WHY DO SMALLS AND MICROS POP ON NO NEWS?
I thought I would write my opinions on the above after listening to a Claude Walker podcast. I like CW; he is, for me, a “new age” investor, being a Millennial, so having been born when I was helping to manage billions of FUM. He appears to have a process, putting him ahead of most, and I am interested in the investing views of the next generation, since it is likely to be different to mine. Unfortunately, there will be fewer Boomers and more Millennials in the mix going forward, that is certain. Lol
Anyway, back to the story. CW was attempting to explain why stock prices move in certain ways and was using the lens of index inclusion as an explanation of that. Ok, that is a reasonable thesis, but I would outline the following and put forward my thesis, having observed it in action many times.
There are two things against the index inclusion thesis. One is that it is too obvious; even over a decade ago, there were stories of even index funds front-running index inclusion. They could do this, knowing what was coming and putting a position in beforehand. That way, they get any upside, maybe for themselves, and are set against the index. This is small fry for these funds. Tiny percentage moves, but since their fees are very low, it might be worth the trouble. Secondly, unlike their large-cap brethren, I don’t know any small or micro guys that index hug. In fact, it's one of the advantages of being at that end of the market. The big guys have a stable and concentrated top 20, which is bad for active management; the smalls have a dynamic and an index much more easily beaten. So little incentive to index anything. There is much more I can go on with this, but it's not the main point. The summary here is that the index inclusion front running is small fry, too easily arbitraged out and not worth the trouble, would be my view, for active managers.

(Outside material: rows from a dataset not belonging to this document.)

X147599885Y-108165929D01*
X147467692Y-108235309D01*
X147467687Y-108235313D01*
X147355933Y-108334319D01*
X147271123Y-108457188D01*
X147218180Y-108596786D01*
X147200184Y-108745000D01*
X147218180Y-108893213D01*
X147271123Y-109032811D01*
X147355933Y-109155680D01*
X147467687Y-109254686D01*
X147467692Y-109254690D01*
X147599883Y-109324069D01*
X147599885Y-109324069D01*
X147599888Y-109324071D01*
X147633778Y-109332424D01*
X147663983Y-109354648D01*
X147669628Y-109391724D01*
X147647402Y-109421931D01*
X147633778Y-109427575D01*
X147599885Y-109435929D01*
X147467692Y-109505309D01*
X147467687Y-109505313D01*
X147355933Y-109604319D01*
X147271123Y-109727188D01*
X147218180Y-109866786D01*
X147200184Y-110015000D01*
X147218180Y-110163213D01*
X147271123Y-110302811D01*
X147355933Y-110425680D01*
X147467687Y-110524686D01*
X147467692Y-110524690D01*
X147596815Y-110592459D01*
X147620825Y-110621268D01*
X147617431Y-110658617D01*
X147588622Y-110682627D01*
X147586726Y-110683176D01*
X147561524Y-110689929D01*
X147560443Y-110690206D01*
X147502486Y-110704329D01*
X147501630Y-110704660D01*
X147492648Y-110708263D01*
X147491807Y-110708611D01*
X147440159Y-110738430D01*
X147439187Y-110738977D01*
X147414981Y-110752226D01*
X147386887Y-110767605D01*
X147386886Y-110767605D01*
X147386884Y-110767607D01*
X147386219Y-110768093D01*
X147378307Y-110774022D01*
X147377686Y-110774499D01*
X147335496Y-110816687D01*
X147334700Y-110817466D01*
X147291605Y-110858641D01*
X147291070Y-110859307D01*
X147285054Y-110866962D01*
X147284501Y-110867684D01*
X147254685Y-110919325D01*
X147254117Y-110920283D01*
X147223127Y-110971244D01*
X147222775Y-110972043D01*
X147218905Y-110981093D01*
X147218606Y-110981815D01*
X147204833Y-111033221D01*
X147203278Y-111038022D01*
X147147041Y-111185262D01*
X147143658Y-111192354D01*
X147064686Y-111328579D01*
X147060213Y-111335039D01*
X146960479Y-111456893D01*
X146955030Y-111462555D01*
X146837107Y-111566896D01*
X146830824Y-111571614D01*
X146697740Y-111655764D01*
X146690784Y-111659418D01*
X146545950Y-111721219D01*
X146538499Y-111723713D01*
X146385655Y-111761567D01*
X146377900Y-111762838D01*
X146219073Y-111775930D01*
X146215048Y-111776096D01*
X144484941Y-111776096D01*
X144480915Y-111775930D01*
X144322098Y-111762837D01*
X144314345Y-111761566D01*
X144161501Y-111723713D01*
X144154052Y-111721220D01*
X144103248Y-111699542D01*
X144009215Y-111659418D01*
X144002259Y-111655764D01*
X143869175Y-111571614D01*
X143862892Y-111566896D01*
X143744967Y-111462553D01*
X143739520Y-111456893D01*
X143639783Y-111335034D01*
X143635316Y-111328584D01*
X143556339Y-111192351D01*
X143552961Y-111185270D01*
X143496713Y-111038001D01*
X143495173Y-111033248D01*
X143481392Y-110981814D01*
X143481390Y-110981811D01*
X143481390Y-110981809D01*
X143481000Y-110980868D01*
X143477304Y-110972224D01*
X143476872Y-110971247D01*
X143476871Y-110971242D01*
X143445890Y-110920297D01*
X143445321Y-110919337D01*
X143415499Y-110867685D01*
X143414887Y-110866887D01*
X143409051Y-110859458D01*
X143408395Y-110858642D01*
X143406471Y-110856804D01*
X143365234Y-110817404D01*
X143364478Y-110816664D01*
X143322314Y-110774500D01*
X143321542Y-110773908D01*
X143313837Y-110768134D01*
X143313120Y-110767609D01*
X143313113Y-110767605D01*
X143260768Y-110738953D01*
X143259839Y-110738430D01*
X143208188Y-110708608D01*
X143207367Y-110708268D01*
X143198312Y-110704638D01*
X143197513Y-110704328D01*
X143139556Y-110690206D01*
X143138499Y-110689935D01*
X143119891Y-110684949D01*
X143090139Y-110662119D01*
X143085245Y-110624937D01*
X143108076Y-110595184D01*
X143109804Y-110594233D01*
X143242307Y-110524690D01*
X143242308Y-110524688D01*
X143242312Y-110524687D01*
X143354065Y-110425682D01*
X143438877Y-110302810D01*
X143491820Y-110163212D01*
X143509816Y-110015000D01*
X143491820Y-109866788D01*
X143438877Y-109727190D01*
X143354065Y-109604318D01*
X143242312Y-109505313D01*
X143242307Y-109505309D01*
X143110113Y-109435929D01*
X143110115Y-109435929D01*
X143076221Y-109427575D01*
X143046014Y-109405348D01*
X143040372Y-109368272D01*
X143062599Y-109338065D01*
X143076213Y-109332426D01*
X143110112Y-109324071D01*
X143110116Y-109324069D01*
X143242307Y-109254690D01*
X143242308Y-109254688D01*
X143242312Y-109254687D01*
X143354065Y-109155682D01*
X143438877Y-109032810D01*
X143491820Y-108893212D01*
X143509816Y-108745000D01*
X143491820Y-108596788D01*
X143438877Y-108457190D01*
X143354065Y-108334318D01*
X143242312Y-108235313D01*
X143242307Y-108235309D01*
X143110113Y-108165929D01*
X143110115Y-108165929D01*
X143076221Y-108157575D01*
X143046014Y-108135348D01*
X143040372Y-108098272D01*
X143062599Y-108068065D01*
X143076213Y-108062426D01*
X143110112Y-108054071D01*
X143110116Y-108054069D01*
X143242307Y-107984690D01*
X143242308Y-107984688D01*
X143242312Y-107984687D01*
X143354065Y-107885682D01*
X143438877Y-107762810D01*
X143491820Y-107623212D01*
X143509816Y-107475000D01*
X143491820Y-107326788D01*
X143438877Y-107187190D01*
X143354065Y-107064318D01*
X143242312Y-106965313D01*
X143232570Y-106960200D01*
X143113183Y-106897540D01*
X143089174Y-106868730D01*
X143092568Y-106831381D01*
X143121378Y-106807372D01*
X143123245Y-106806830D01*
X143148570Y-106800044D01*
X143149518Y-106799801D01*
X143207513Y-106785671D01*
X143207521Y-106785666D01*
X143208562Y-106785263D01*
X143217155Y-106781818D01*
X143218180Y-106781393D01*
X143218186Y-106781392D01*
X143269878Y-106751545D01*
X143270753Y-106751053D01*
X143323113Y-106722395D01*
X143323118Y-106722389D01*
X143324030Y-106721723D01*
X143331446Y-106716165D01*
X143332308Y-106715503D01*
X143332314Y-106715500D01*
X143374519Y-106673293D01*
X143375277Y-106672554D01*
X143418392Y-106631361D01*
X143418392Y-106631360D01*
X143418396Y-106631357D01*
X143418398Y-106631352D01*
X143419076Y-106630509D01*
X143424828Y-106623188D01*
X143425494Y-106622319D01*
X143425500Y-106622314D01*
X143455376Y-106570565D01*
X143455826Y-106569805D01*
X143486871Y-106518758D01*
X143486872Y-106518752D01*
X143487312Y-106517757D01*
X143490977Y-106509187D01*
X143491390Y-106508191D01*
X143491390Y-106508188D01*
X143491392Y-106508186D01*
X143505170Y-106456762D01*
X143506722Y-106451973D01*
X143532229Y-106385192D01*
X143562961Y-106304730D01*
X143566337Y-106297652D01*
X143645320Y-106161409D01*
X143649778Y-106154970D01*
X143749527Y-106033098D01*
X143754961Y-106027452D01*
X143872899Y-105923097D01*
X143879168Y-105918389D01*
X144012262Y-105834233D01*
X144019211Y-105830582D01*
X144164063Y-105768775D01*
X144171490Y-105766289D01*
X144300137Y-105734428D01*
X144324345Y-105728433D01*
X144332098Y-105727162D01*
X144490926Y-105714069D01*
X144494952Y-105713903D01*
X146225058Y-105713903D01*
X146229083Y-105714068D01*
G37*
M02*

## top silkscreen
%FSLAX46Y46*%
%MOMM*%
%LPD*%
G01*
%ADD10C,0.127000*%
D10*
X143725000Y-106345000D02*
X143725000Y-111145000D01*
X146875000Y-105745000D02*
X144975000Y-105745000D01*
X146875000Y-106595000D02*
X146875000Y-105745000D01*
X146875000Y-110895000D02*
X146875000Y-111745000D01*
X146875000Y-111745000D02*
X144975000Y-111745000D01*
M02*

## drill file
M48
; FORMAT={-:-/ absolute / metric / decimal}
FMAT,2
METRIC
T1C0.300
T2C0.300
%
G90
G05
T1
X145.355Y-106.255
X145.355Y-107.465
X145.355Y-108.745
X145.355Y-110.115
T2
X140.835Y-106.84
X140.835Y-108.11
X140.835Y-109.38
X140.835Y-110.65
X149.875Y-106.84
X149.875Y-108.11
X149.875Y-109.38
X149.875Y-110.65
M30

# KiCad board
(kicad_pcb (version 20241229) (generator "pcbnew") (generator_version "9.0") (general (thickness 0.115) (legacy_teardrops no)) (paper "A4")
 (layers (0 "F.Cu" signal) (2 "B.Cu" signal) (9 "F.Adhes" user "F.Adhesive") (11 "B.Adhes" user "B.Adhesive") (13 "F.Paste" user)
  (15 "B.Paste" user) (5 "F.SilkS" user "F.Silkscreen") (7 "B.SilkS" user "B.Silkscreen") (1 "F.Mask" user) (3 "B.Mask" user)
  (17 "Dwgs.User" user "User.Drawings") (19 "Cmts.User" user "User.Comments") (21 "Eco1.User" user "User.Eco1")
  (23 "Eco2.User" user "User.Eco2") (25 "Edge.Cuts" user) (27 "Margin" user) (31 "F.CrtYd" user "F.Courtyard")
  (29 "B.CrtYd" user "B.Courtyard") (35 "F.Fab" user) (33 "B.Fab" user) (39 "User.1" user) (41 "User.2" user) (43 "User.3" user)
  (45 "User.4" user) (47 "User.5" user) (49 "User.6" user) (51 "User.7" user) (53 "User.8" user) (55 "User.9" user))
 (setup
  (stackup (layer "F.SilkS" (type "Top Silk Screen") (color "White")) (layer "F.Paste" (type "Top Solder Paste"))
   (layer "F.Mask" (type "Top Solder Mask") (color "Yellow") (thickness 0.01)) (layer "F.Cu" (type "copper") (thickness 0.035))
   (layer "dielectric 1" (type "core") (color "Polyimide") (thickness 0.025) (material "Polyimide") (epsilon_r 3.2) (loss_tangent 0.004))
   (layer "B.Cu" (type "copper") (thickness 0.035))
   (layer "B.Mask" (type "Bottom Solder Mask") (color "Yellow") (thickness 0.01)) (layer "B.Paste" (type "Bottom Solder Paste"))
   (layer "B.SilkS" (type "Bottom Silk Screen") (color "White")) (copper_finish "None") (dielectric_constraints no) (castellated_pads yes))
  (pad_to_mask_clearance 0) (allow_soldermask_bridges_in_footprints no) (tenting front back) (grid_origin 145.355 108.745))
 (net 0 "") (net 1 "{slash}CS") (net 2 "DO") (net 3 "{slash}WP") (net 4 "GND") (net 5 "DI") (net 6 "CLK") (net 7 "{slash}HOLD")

So why do stocks seem to rally in a surprising way with no news? I would go in a completely different direction. To understand why, you must understand the information dissemination in the industry, especially at the small and micro end and the part brokers play in this.
A while ago, there was a story involving XXXX of XXX fame and broker YYYYY. I've met YYYY several times, and I don’t know XXXX. I am regurgitating publicly released stories here, and the truth may be quite different. What appears to have happened is that YYYY got an order from a large fund for a small stock. When that happens, an experienced broker would probably know the stock price is going higher. According to the story, YYYY then rang XXX and told him to buy before the order took effect. Why call XXXX? Well, I can only speculate. But XXXX is apparently (there are a lot of apparently here lol), the largest trader in the Australian market; he is a big fish. If you can get on his approved dealing list, it's worth a lot. I'm not saying what XXXX/YYYY did was wrong; and the facts could be quite different (who knows), people can make their own views on that, but I am highlighting the information highway that exists, driven through the broker network, especially at the small/micro end. To me, it's not surprising that it occurred, but surprising that it became public. I once spoke to a guy who worked at XXX and asked him how XXXX spent his day. He said he is on the phone all day; I suspect not talking to his mother.
To leave the two gents behind, this is how the chain of events unfolds. FM “A” sees a stock moving for no identifiable reason. He starts ringing around his broker contacts to get information on that stock. His biggest fear is that his competitors are getting a jump on him.
FM-“I see XYZ up a lot today, any idea what's going on?
Broker 1—don know
Broker 2—I believe it's domestic buying, or foreign buying or corporate buying, or I'm not at liberty to tell you (that’s the best one).
Broker 3---heavy buying from the ABC broker who usually deals with blah blah.
There are many ways to get the information out without betraying client confidentiality.
Some fund managers play this game aggressively. They want to know who is buying and if they are likely to know something not well known, or just have heavy ongoing buying. This is not necessarily inside information and usually isn’t.
Once they find out any useful information, time is of the essence; you can't start a multi-week due diligence. its move now or it's useless information.
So what do we see? We see a stock no one talks about, then everyone seems to be on it, and then it goes quiet again after a big uplift.
I would say there are funds whose total value added comes from working this information channel very aggressively. A question I ask is Who is the puppet master? I think it varies; someone comes across an idea, and it goes viral.
Of course, I knew this existed when I was in the game, but I didn’t play this game. Ok, we will get into moral and legal issues here, but to each his own. I would point out that most of these players are retail-style fund managers, not institutional managers, who are subject to higher levels of diligence. I'm sure some would take issue with that, lol.
Anyway hope this gives you some idea about the fund management machinations. For retail punters, it's just part of the game. Unless you pay enough brokerage to get several calls a day from a broker, forget it. However, just knowing this gives you a better understanding and explanation of some situations.
If you think I appear overly cynical about my former industry, you're right.